Why does this matter as a developer? If you want Claude (or any MCP-compatible agent) to call your code, your code needs to speak MCP. That means implementing JSON-RPC over stdio, declaring tool schemas in a specific format, handling the protocol handshake, and formatting errors correctly. CLQ does all of that so you don't have to.


Why CLQ?

Why not the official MCP TypeScript SDK?

The official SDK is the right choice if you need full control over every protocol detail or you're building something non-standard. It's low-level by design. With it you manually wire the stdio transport, write your own input validation, format your own error responses, and handle the protocol handshake yourself. CLQ wraps all of that with Zod schemas, structured CLQErrors, and a dev CLI — so you write tool logic instead of protocol glue. If you outgrow CLQ, the underlying MCP SDK is still there.

Why not mcp-use or similar orchestration tools?

mcp-use and similar projects are about connecting AI agents to MCP servers — the client side. They help you build an agent that calls existing tools. CLQ is about building the MCP server itself — the server side. These are different problems. If you're orchestrating an agent that calls tools someone else built, look at mcp-use. If you're writing the tools themselves, that's what CLQ is for. The two can coexist: build your server with CLQ, then connect to it with whatever agent orchestration layer you prefer.


Core API

defineTool

Defines a named tool with Zod schemas for input and output, and an async handler. Both boundaries are validated: input is checked before the handler runs; output is checked before the result leaves the framework. A schema mismatch throws a structured CLQError — never a raw crash.

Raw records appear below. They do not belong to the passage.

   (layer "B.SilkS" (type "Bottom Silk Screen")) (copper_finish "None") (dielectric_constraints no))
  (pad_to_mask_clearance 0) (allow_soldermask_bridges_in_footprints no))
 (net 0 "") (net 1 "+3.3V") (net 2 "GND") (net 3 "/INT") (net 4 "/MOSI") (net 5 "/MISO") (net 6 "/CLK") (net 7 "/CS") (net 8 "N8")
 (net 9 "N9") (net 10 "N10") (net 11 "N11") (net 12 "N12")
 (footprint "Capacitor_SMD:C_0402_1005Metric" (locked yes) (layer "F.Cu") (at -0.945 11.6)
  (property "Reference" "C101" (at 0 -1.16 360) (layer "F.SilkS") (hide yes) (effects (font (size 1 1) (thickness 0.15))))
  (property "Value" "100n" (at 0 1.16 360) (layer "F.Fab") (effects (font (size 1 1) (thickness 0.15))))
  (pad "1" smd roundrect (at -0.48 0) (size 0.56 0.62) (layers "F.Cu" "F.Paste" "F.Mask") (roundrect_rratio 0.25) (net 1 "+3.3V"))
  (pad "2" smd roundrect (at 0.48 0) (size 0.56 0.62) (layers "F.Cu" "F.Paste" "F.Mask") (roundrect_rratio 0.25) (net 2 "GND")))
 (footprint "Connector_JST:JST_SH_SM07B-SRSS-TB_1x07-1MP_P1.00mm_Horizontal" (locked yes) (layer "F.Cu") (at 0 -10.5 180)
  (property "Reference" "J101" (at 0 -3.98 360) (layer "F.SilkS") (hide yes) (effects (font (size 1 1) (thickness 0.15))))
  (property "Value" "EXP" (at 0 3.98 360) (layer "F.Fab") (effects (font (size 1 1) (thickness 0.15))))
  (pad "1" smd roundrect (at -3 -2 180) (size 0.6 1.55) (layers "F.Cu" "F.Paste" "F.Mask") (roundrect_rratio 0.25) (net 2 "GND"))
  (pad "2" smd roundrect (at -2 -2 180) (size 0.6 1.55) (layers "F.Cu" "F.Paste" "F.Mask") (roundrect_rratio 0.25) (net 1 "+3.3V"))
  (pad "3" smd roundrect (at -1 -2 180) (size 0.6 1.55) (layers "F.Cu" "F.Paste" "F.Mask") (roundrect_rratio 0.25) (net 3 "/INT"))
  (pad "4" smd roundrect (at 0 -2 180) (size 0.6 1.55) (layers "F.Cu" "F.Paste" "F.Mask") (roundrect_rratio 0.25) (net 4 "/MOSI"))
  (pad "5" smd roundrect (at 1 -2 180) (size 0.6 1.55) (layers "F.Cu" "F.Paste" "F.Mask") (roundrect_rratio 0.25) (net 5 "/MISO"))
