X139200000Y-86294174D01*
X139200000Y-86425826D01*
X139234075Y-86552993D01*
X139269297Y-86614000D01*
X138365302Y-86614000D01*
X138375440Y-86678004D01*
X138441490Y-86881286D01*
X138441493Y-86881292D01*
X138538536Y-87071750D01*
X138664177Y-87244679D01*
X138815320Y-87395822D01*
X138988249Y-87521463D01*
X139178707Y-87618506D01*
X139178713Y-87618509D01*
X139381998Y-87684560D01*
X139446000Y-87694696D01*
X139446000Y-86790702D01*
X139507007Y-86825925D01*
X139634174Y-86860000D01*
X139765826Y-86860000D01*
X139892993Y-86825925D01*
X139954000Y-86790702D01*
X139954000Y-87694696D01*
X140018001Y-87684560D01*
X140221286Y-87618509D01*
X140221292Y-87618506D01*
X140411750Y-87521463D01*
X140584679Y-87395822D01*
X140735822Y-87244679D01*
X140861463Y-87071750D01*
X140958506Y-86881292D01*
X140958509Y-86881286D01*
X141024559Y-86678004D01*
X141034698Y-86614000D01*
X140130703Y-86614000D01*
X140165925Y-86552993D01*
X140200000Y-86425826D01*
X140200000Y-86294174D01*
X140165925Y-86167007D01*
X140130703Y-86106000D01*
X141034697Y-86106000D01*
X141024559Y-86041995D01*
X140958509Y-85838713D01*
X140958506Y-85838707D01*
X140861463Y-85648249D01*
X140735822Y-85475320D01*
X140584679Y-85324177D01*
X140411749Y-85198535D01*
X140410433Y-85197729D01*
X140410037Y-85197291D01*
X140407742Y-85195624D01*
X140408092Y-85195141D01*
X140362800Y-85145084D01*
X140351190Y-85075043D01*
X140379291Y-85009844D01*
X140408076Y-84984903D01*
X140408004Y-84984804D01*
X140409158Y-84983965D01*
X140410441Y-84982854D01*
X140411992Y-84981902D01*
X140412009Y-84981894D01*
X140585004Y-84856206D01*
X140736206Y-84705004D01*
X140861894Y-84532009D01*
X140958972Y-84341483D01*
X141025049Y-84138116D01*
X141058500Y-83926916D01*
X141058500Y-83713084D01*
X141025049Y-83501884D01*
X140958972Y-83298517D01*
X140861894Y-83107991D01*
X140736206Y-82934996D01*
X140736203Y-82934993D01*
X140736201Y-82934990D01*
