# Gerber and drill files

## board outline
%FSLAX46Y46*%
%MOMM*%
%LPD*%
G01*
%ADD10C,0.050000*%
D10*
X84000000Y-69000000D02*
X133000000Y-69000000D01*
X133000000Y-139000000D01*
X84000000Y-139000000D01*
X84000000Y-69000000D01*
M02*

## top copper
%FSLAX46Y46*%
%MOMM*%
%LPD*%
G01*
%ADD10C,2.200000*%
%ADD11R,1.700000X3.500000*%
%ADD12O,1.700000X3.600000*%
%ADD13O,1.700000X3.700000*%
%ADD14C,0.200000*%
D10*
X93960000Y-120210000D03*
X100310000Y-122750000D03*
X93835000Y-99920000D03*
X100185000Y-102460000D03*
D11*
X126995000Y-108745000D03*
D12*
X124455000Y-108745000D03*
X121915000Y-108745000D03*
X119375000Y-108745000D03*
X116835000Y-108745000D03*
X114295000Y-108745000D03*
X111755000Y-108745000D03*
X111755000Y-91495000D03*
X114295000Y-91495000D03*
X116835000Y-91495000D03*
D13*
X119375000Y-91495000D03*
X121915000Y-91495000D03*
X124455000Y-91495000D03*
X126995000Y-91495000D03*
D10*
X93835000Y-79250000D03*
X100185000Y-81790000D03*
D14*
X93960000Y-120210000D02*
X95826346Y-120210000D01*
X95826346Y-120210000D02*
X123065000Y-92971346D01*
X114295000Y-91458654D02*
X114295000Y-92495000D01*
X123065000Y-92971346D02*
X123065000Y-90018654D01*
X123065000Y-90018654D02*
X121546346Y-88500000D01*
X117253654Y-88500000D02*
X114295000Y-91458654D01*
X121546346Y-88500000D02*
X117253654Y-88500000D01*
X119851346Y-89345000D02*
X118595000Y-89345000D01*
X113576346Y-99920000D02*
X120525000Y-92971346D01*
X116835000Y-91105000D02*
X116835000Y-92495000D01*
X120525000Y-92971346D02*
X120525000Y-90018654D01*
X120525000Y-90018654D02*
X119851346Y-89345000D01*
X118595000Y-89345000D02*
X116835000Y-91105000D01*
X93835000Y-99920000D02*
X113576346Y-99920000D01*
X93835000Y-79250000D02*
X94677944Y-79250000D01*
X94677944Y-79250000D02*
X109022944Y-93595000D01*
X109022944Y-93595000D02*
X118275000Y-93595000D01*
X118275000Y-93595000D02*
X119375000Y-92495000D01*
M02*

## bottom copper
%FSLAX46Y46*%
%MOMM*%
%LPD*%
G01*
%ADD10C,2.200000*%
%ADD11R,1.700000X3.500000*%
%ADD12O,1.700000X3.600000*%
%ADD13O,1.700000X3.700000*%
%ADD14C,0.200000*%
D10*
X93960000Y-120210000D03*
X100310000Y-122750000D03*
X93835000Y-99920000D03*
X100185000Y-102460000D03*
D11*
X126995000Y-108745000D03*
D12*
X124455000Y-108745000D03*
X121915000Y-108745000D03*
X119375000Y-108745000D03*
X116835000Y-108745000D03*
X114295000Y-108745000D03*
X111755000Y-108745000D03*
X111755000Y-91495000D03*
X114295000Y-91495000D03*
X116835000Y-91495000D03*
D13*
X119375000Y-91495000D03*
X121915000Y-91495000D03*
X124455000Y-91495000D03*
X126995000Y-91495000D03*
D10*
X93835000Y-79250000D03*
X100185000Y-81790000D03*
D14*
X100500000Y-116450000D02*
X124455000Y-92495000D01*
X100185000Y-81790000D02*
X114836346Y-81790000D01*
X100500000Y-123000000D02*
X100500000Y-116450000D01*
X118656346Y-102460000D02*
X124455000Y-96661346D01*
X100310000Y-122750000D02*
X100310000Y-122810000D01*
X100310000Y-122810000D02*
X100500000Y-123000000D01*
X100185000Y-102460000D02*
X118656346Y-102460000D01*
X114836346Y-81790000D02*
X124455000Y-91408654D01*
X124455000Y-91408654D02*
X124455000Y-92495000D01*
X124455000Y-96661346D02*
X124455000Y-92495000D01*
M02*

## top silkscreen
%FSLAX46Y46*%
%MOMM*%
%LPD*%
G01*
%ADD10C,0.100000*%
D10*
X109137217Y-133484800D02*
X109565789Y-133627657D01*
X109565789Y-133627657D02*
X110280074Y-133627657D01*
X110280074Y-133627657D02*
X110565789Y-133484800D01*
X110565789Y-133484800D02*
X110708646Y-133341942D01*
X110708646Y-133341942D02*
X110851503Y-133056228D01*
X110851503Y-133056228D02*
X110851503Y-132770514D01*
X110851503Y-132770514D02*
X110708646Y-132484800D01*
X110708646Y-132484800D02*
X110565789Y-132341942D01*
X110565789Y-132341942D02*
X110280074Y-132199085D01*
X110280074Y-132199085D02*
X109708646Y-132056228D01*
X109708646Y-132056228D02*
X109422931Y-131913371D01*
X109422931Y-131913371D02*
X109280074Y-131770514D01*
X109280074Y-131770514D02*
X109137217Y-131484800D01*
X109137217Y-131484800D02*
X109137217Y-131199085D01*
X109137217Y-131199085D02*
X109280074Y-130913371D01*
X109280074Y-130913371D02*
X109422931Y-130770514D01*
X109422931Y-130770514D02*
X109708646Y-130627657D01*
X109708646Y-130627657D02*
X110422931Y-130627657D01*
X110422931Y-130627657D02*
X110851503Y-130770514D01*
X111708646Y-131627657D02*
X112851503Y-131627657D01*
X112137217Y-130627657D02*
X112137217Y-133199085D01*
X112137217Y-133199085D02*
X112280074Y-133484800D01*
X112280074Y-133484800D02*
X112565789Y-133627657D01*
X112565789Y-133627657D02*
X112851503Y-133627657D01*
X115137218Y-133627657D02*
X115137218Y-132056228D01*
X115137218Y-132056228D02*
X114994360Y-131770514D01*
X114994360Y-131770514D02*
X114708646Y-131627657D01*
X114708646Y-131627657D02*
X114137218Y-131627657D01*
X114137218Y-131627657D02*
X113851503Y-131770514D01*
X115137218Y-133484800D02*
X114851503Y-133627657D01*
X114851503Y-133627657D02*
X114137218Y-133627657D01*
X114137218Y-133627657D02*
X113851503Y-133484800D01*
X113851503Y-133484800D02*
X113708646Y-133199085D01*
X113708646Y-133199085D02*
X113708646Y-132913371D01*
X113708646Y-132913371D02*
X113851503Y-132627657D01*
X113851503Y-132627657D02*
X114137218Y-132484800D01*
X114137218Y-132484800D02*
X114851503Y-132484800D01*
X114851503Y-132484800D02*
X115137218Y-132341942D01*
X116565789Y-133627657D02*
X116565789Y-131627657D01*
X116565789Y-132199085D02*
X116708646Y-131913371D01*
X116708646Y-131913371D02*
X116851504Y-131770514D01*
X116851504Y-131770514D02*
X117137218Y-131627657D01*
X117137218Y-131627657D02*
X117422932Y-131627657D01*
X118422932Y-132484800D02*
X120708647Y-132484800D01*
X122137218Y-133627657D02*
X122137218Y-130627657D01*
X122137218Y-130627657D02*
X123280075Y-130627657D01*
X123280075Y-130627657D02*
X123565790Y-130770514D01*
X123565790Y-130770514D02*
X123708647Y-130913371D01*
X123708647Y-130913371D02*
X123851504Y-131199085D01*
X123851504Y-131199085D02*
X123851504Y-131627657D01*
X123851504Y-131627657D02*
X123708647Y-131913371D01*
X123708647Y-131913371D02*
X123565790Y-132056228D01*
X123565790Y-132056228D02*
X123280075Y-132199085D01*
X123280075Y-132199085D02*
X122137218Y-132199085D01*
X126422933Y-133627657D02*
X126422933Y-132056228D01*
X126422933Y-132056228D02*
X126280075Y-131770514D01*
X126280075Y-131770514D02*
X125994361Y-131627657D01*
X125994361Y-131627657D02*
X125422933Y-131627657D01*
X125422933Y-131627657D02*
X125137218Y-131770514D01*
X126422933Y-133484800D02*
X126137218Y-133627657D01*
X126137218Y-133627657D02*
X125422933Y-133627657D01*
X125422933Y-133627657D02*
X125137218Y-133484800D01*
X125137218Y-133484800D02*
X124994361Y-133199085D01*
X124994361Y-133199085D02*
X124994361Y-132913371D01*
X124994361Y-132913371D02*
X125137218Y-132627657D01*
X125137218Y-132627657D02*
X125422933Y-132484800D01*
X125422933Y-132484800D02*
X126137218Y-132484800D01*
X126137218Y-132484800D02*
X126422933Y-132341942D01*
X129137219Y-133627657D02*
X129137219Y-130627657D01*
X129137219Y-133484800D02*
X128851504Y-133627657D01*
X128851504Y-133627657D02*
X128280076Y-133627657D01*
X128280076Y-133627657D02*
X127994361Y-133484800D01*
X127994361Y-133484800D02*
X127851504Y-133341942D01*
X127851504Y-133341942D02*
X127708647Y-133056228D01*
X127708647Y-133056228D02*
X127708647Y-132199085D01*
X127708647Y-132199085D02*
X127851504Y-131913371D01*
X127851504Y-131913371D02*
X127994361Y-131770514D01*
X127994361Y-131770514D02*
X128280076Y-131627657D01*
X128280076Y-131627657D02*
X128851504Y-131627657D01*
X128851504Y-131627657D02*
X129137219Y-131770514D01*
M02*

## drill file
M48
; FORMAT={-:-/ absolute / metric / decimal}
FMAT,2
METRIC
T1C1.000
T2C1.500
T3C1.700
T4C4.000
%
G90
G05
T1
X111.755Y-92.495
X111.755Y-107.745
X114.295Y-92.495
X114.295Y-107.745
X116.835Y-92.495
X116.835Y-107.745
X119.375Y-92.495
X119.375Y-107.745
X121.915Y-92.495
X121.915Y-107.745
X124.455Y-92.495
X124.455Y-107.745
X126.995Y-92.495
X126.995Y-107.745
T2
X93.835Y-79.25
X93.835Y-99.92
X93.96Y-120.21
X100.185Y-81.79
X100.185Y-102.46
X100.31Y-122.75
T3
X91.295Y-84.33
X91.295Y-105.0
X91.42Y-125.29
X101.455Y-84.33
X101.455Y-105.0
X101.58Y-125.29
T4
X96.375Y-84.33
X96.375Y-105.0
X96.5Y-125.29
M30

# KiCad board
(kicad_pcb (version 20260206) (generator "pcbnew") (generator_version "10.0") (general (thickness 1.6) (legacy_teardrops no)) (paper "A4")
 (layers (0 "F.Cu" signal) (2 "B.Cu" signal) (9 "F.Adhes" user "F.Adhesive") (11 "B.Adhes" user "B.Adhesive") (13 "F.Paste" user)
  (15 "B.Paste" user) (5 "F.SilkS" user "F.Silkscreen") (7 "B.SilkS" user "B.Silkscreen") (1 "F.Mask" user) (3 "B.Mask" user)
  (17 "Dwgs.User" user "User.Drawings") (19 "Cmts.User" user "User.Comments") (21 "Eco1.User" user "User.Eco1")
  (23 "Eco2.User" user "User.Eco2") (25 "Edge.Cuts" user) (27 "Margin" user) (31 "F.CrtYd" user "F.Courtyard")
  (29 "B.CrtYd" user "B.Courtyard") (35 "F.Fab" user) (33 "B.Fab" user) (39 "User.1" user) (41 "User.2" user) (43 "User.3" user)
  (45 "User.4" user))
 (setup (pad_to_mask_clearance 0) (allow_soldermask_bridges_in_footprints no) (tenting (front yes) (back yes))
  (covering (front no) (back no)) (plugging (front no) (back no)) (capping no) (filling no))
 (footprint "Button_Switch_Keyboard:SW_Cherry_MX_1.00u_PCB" (layer "B.Cu") (at 93.96 120.21 180)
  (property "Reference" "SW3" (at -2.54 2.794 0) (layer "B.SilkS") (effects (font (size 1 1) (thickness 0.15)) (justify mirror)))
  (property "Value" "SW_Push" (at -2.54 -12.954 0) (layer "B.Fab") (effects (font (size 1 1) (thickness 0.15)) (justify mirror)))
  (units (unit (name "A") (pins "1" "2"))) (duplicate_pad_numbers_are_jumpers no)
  (pad "" np_thru_hole circle (at -7.62 -5.08 180) (size 1.7 1.7) (drill 1.7) (layers "*.Cu" "*.Mask"))
  (pad "" np_thru_hole circle (at -2.54 -5.08 180) (size 4 4) (drill 4) (layers "*.Cu" "*.Mask"))
  (pad "" np_thru_hole circle (at 2.54 -5.08 180) (size 1.7 1.7) (drill 1.7) (layers "*.Cu" "*.Mask"))
  (pad "1" thru_hole circle (at 0 0 180) (size 2.2 2.2) (drill 1.5) (layers "*.Cu" "*.Mask") (remove_unused_layers no)
   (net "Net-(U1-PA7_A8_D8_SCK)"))
  (pad "2" thru_hole circle (at -6.35 -2.54 180) (size 2.2 2.2) (drill 1.5) (layers "*.Cu" "*.Mask") (remove_unused_layers no) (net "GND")))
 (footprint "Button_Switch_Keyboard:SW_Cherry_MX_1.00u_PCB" (layer "B.Cu") (at 93.835 99.92 180)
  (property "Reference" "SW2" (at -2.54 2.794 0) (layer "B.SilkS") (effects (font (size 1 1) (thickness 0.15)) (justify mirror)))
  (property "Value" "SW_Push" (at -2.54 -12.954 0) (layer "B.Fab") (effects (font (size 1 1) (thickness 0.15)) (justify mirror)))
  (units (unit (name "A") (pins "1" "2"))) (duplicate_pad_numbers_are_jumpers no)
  (pad "" np_thru_hole circle (at -7.62 -5.08 180) (size 1.7 1.7) (drill 1.7) (layers "*.Cu" "*.Mask"))
  (pad "" np_thru_hole circle (at -2.54 -5.08 180) (size 4 4) (drill 4) (layers "*.Cu" "*.Mask"))
  (pad "" np_thru_hole circle (at 2.54 -5.08 180) (size 1.7 1.7) (drill 1.7) (layers "*.Cu" "*.Mask"))
  (pad "1" thru_hole circle (at 0 0 180) (size 2.2 2.2) (drill 1.5) (layers "*.Cu" "*.Mask") (remove_unused_layers no)
   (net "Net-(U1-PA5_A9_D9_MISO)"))
  (pad "2" thru_hole circle (at -6.35 -2.54 180) (size 2.2 2.2) (drill 1.5) (layers "*.Cu" "*.Mask") (remove_unused_layers no) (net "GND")))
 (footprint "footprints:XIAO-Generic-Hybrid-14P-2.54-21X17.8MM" (layer "B.Cu") (at 119.375 100.12 90)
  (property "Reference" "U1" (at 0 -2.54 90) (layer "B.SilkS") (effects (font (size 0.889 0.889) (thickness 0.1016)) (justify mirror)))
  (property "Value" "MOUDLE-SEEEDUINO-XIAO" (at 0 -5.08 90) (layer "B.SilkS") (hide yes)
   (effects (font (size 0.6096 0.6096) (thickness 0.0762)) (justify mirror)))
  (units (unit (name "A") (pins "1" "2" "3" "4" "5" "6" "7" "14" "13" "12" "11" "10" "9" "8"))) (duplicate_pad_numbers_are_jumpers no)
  (pad "1" thru_hole rect (at -7.625 7.62 90) (size 3.5 1.7) (drill 1 (offset -1 0)) (layers "*.Cu" "*.Mask") (remove_unused_layers no)
   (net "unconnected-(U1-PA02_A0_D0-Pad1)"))
  (pad "2" thru_hole oval (at -7.625 5.08 90) (size 3.6 1.7) (drill 1 (offset -1 0)) (layers "*.Cu" "*.Mask") (remove_unused_layers no)
   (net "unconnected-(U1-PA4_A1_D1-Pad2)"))
  (pad "3" thru_hole oval (at -7.625 2.54 90) (size 3.6 1.7) (drill 1 (offset -1 0)) (layers "*.Cu" "*.Mask") (remove_unused_layers no)
   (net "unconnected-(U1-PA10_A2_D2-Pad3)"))
  (pad "4" thru_hole oval (at -7.625 0 90) (size 3.6 1.7) (drill 1 (offset -1 0)) (layers "*.Cu" "*.Mask") (remove_unused_layers no)
   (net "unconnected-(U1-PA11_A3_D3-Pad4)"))
  (pad "5" thru_hole oval (at -7.625 -2.54 90) (size 3.6 1.7) (drill 1 (offset -1 0)) (layers "*.Cu" "*.Mask") (remove_unused_layers no)
   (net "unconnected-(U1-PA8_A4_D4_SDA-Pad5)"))
  (pad "6" thru_hole oval (at -7.625 -5.08 270) (size 3.6 1.7) (drill 1 (offset 1 0)) (layers "*.Cu" "*.Mask") (remove_unused_layers no)
   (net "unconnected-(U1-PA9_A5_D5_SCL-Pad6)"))
  (pad "7" thru_hole oval (at -7.625 -7.62 90) (size 3.6 1.7) (drill 1 (offset -1 0)) (layers "*.Cu" "*.Mask") (remove_unused_layers no)
   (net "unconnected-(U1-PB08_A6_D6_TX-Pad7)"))
  (pad "8" thru_hole oval (at 7.625 -7.62 90) (size 3.6 1.7) (drill 1 (offset 1 0)) (layers "*.Cu" "*.Mask") (remove_unused_layers no)
   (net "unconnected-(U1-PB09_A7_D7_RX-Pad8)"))
  (pad "9" thru_hole oval (at 7.625 -5.08 90) (size 3.6 1.7) (drill 1 (offset 1 0)) (layers "*.Cu" "*.Mask") (remove_unused_layers no)
   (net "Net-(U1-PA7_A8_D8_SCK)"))
  (pad "10" thru_hole oval (at 7.625 -2.54 90) (size 3.6 1.7) (drill 1 (offset 1 0)) (layers "*.Cu" "*.Mask") (remove_unused_layers no)
   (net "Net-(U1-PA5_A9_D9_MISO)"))
  (pad "11" thru_hole oval (at 7.625 0 90) (size 3.7 1.7) (drill 1 (offset 1 0)) (layers "*.Cu" "*.Mask") (remove_unused_layers no)
   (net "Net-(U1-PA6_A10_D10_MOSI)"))
  (pad "12" thru_hole oval (at 7.625 2.54 90) (size 3.7 1.7) (drill 1 (offset 1 0)) (layers "*.Cu" "*.Mask") (remove_unused_layers no)
   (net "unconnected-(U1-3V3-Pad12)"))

const getWeather = defineTool({
  name: "get_weather",
  description: "Get current weather for a city.",  // required — agents read this
  input: z.object({ city: z.string().describe("City name") }),
  output: z.object({ temperature: z.number(), condition: z.string() }),
  handler: async ({ input }) => {
    const data = await fetchWeatherApi(input.city)
    return { temperature: data.temp_c, condition: data.description }
  },
})

The output schema is optional but recommended: it lets AI clients trust tool responses without re-validating them, which reduces token usage and tightens agent feedback loops. The description is mandatory — AI agents read it to decide when to call the tool, so a missing or vague description causes agents to call tools incorrectly or not at all. CLQ throws immediately if it's empty.

createServer

A chainable builder that collects tools (and optionally middleware), then starts the MCP stdio transport. Duplicate tool names throw at registration time, not at runtime.

const server = createServer({ name: "my-server", version: "1.0.0" })
server.tool(getWeather).tool(listCities)
server.start()

defineConfig

Declares required environment variables with types, descriptions, and a secret flag. Missing or mistyped vars throw at startup — never silently mid-request. The secret flag ensures that if the value leaks into an error message, only its shape is revealed, not its content.

// clq.config.ts
import { defineConfig } from "@clq-sh/core"

export default defineConfig({
  name: "my-server",
  version: "1.0.0",
  env: {
    GITHUB_TOKEN: {
      type: "string",
      description: "GitHub personal access token",
      secret: true,
    },
    MAX_RESULTS: {
      type: "number",
      description: "Maximum results to return per call",
      default: 10,
    },
  },
})

Connect to Claude Desktop

After pnpm build, add this to claude_desktop_config.json:

{
  "mcpServers": {
    "my-server": {
      "command": "node",
      "args": ["<absolute-path>/my-server/dist/index.js"]
    }
  }
}

Restart Claude Desktop after editing the config. Your tools appear in Claude's tool list immediately.


Security & Quality

CLQ underwent a real security audit before the v0.2.0 release. Two confirmed vulnerabilities were found and fixed: a credential leak in clq doctor and a redaction bypass in clq inspect. A subsequent fix attempt introduced a regex regression that was caught and corrected. The full disclosed trail is on the Security page. The suite passes 211 tests across 18 test files.